La Cina l’ha capito: regolare (e non solo regolamentare) l’import-export del food è una priorità e il porto di Shanghai, leader per arrivi di merci, è diventato una sorta di laboratorio-cartina di tornasole di tutta la tematica.
La Cina stessa, a sua volta, è vittima delle lacune nella conservazione e nel trasporto di alimenti e gran parte del food che circola va perso proprio a causa dell’inadeguatezza della catena del freddo, tanto più che la Cina si sta trasformando nel Paese leader del commercio online. La restrizione delle barriere all’ingresso, poi, diventa un importante test per capire quanto la Cina punti sulla sicurezza alimentare: è all’arrivo, infatti, che le barriere sono più forti.
In realtà il sistema di ispezione e approvazione adottato da Shanghai nel dicembre 2014 è stato approvato da tutti gli altri porti cinesi: tempo limite 10 giorni. Dallo scalo aereo di Shanghai il latte destinato alla vendita nei supermarket viene immesso in libera circolazione in 22 giorni, un canale speciale e più veloce è stato creato per il food classificato “non autorizzato” che arriva via mare. Vincente si sta dimostrando il sistema di ispezioni a campione.
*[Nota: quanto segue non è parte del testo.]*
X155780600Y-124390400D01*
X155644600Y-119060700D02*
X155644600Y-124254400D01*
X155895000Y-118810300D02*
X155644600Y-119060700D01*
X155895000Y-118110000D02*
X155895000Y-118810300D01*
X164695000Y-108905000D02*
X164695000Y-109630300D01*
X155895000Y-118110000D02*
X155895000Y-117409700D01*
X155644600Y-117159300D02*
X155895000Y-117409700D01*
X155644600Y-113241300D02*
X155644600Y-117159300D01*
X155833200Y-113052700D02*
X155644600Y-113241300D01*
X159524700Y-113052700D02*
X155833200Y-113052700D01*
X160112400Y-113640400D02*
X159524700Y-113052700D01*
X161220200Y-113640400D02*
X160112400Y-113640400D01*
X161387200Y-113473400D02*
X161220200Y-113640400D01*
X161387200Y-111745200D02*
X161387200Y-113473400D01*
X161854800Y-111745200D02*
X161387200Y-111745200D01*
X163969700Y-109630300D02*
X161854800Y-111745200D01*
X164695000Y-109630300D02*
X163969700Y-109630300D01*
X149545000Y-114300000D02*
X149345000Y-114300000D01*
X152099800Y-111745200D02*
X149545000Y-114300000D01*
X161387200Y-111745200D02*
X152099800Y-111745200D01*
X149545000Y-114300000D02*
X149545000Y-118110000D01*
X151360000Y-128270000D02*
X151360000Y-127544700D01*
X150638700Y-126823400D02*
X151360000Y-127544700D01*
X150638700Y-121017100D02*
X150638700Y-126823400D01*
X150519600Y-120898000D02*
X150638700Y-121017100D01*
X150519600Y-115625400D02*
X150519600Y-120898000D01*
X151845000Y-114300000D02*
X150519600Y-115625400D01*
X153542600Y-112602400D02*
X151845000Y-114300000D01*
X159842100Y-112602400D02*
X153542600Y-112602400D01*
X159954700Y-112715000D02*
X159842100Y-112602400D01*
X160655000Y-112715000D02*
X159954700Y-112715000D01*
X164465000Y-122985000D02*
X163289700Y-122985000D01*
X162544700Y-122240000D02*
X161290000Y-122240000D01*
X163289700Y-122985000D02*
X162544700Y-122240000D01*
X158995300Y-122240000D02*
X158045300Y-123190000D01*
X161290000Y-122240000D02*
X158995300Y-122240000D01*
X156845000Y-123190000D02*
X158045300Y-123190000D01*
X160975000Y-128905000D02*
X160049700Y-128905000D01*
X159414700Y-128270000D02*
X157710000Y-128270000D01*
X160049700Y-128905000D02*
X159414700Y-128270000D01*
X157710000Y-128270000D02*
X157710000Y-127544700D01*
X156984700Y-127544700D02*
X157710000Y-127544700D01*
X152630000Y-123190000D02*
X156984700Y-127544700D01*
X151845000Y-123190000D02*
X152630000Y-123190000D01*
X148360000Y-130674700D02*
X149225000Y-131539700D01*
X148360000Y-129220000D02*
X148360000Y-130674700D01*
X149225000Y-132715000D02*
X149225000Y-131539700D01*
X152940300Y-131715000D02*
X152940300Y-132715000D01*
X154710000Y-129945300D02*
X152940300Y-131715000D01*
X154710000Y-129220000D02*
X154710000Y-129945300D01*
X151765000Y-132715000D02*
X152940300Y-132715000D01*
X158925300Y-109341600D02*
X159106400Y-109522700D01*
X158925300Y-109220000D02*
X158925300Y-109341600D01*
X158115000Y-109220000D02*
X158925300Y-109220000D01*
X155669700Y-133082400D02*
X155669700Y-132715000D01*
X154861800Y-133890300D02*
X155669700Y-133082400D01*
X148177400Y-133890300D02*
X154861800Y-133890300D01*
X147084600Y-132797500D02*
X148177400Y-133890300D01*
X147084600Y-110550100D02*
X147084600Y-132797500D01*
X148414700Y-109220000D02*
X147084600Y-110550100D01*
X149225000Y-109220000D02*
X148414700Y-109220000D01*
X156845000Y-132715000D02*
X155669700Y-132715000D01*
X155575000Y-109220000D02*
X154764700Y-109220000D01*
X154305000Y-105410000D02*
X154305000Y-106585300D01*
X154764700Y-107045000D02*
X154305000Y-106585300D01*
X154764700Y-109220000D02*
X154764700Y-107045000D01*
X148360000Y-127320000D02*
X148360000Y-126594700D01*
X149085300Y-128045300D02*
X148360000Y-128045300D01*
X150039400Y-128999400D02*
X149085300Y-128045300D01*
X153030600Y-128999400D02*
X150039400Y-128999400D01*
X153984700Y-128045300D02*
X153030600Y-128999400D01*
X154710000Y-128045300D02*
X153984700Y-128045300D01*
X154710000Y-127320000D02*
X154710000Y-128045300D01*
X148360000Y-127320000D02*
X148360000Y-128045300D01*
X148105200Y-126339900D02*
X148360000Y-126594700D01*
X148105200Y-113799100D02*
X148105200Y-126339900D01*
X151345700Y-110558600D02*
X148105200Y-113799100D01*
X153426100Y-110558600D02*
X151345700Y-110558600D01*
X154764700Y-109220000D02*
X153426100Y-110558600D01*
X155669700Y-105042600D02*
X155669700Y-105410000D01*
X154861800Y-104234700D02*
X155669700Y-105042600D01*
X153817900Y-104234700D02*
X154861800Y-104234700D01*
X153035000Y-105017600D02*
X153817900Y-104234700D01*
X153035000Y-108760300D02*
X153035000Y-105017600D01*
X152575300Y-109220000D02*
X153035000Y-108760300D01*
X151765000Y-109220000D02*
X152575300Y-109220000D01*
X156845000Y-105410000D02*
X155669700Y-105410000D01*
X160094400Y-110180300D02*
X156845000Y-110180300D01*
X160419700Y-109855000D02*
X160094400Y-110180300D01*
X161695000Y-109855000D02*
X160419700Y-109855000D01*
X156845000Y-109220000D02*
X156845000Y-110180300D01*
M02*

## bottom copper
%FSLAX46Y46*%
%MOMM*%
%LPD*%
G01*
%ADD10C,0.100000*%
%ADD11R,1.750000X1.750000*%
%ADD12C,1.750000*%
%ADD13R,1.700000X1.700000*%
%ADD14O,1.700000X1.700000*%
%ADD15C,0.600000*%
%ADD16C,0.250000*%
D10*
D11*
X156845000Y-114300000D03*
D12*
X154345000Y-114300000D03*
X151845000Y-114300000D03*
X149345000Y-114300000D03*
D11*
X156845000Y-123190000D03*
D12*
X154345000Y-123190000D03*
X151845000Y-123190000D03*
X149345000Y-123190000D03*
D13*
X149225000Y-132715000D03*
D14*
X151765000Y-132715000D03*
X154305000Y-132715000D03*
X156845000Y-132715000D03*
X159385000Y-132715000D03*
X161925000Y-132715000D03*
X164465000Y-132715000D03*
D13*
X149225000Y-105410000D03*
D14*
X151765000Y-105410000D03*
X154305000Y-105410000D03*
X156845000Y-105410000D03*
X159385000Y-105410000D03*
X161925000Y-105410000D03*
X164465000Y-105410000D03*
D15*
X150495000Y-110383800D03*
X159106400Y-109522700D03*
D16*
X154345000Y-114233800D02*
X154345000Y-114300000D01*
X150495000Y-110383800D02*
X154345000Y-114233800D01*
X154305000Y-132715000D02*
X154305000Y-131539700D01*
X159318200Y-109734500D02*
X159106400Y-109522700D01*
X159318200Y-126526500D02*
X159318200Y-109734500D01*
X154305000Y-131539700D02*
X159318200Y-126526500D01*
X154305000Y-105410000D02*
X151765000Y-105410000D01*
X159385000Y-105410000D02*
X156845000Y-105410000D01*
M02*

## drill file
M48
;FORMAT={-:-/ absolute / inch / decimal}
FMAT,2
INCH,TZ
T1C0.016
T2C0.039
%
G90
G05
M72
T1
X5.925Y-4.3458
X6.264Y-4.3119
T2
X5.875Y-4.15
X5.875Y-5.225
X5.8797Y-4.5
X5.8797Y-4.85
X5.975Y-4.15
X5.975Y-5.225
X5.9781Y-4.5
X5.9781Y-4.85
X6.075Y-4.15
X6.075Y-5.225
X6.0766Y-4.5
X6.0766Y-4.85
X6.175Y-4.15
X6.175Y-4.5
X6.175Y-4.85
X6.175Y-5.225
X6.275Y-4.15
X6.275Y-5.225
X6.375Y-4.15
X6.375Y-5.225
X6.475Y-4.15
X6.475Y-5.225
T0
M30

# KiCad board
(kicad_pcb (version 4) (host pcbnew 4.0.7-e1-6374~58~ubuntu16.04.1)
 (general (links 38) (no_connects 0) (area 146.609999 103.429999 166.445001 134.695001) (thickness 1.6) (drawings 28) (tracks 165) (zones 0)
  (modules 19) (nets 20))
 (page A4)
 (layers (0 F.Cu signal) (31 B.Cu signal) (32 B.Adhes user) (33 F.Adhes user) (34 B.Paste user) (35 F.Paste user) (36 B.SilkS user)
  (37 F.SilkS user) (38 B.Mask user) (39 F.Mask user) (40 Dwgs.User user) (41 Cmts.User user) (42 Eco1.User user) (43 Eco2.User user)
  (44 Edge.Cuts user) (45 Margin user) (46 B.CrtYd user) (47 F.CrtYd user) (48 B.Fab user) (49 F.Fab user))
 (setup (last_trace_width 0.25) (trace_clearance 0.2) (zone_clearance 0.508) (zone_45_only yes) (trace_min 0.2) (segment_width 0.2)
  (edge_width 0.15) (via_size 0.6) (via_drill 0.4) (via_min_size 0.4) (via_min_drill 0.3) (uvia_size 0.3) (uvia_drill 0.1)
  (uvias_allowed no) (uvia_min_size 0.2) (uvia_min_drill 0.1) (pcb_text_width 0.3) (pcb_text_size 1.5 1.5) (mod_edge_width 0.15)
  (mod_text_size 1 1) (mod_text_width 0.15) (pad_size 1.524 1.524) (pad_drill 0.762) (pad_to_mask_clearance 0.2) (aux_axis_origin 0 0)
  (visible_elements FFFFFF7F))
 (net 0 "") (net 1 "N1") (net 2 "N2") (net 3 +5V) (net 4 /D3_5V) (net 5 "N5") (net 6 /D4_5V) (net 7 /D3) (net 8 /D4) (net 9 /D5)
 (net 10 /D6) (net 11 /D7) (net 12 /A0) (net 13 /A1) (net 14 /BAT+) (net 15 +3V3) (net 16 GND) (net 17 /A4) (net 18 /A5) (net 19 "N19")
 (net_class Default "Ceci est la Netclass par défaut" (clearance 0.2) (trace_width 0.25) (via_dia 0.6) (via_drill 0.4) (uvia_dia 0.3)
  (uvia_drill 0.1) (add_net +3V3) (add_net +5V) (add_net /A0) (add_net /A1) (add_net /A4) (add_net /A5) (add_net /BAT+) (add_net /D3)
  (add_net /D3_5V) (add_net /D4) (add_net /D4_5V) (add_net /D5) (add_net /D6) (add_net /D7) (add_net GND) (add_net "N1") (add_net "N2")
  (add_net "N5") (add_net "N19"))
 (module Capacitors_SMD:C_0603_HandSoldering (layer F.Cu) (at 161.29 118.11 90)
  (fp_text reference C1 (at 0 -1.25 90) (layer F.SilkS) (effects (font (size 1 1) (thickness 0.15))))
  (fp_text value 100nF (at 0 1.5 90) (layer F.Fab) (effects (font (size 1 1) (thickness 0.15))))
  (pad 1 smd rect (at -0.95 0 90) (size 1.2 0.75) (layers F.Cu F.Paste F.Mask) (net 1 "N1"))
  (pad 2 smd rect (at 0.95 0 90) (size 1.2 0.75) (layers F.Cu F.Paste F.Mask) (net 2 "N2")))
Una serie di interventi specifici adottati in una cornice più generale (vedi articolo a fianco) ha creato quindi un quadro molto più articolato che le aziende devono conoscere, specie quelle che si dedicano al food e che vogliono esportarlo o lo esportano già in Cina.
La dogana è il punto cruciale. A spiegare il modello Shanghai è Jin Quan, vicepresidente di Shanghai entry-exit inspection & quarantine association, nonché vicepresidente esecutivo dell’associazione dell’entry-exit e delle aziende che importano food a Shanghai. Jin Quan ha partecipato a un seminario organizzato dalla Camera di commercio italiana a Shanghai. Antonella Sciarra, segretario generale della Camera di commercio di Shanghai, ha promosso l’evento «in considerazione del numero sempre più ampio di aziende interessate al tema e delle opportunità offerte dalle piattaforme crossborder e anche perché espressione e frutto di un gruppo di lavoro sul food guidato dal consigliere Angelo Morano».
«Il sistema adesso è molto più regolamentato – spiega Jin Quan – e questo lo rende ancora più complesso, le cose da sapere aumentano a vista d’occhio. Ma le novità servono a velocizzare gli arrivi e a certificarne la qualità».Due i siti da tener d’occhio: http:ire.eciq.cn e www.shianwang.net, utili per capire il sistema Shanghai.
Anche impiantare un’azienda agroalimentare, specie di medie dimensioni, in Cina è un’operazione complicata: valga per tutti la fabbrica modello della Ferrero, non lontano da Hangzhou, creata in due anni, un tempo giudicato anche breve per gli standard cinesi.
«Il food & beverage è una issue molto delicata – interviene Francesco Maioli, general manager China del gruppo Cremonini -. Siamo leader nella carne fresca e siamo un simbolo, ma ci sono ancora vincoli all’ingresso di carne bovina in Cina. Quindi la battaglia per noi si sposta su un altro livello». La visita in Cina, a fine gennaio, del ministro della Salute, Beatrice Lorenzin, ha smosso le acque e gli ispettori cinesi partiranno per certificare altri stabilimenti di produzione in Italia.
Ma alla dogana di Shanghai che cosa succede? Jin Quan illustra statistiche piuttosto preoccupanti. Nella tagliola sono finiti 44 Paesi diversi, tra i quali Usa, Taiwan, Giappone, Germania, Australia e Italia, i cui prodotti sono finiti nelle maglie dei controlli.
Non bisogna farsi scoraggiare. C’è anche l’olio extravergine, per l’Italia, al quale farà bene l’accordo siglato a Pechino sulla formazione degli addetti doganali cinesi che, ovviamente, non sono troppo esperti di questo prodotto dell’eccellenza italiana. «Dobbiamo dare l’opportunità ai consumatori cinesi, sempre più attratti dalla qualità e bellezza del made in Italy, di apprezzare e gustarne i valori – afferma Luisa Todini, presidente del Comitato Leonardo, in visita in questi giorni a Shanghai -. Si tratta di conoscere e risolvere anche questi problemi. Io stessa sono impegnata nell’export di vino in Cina con i vini della nostra cantina, 70 ettari di vigneto in Umbria, a Todi. E per dare l’esempio sulla sicurezza alimentare abbiamo inserito, tra le nostre etichette, anche il frutto di una ricerca innovativa: una nuova produzione di vino senza solfiti aggiunti ricavata da vitigni Grechetto e Sangiovese».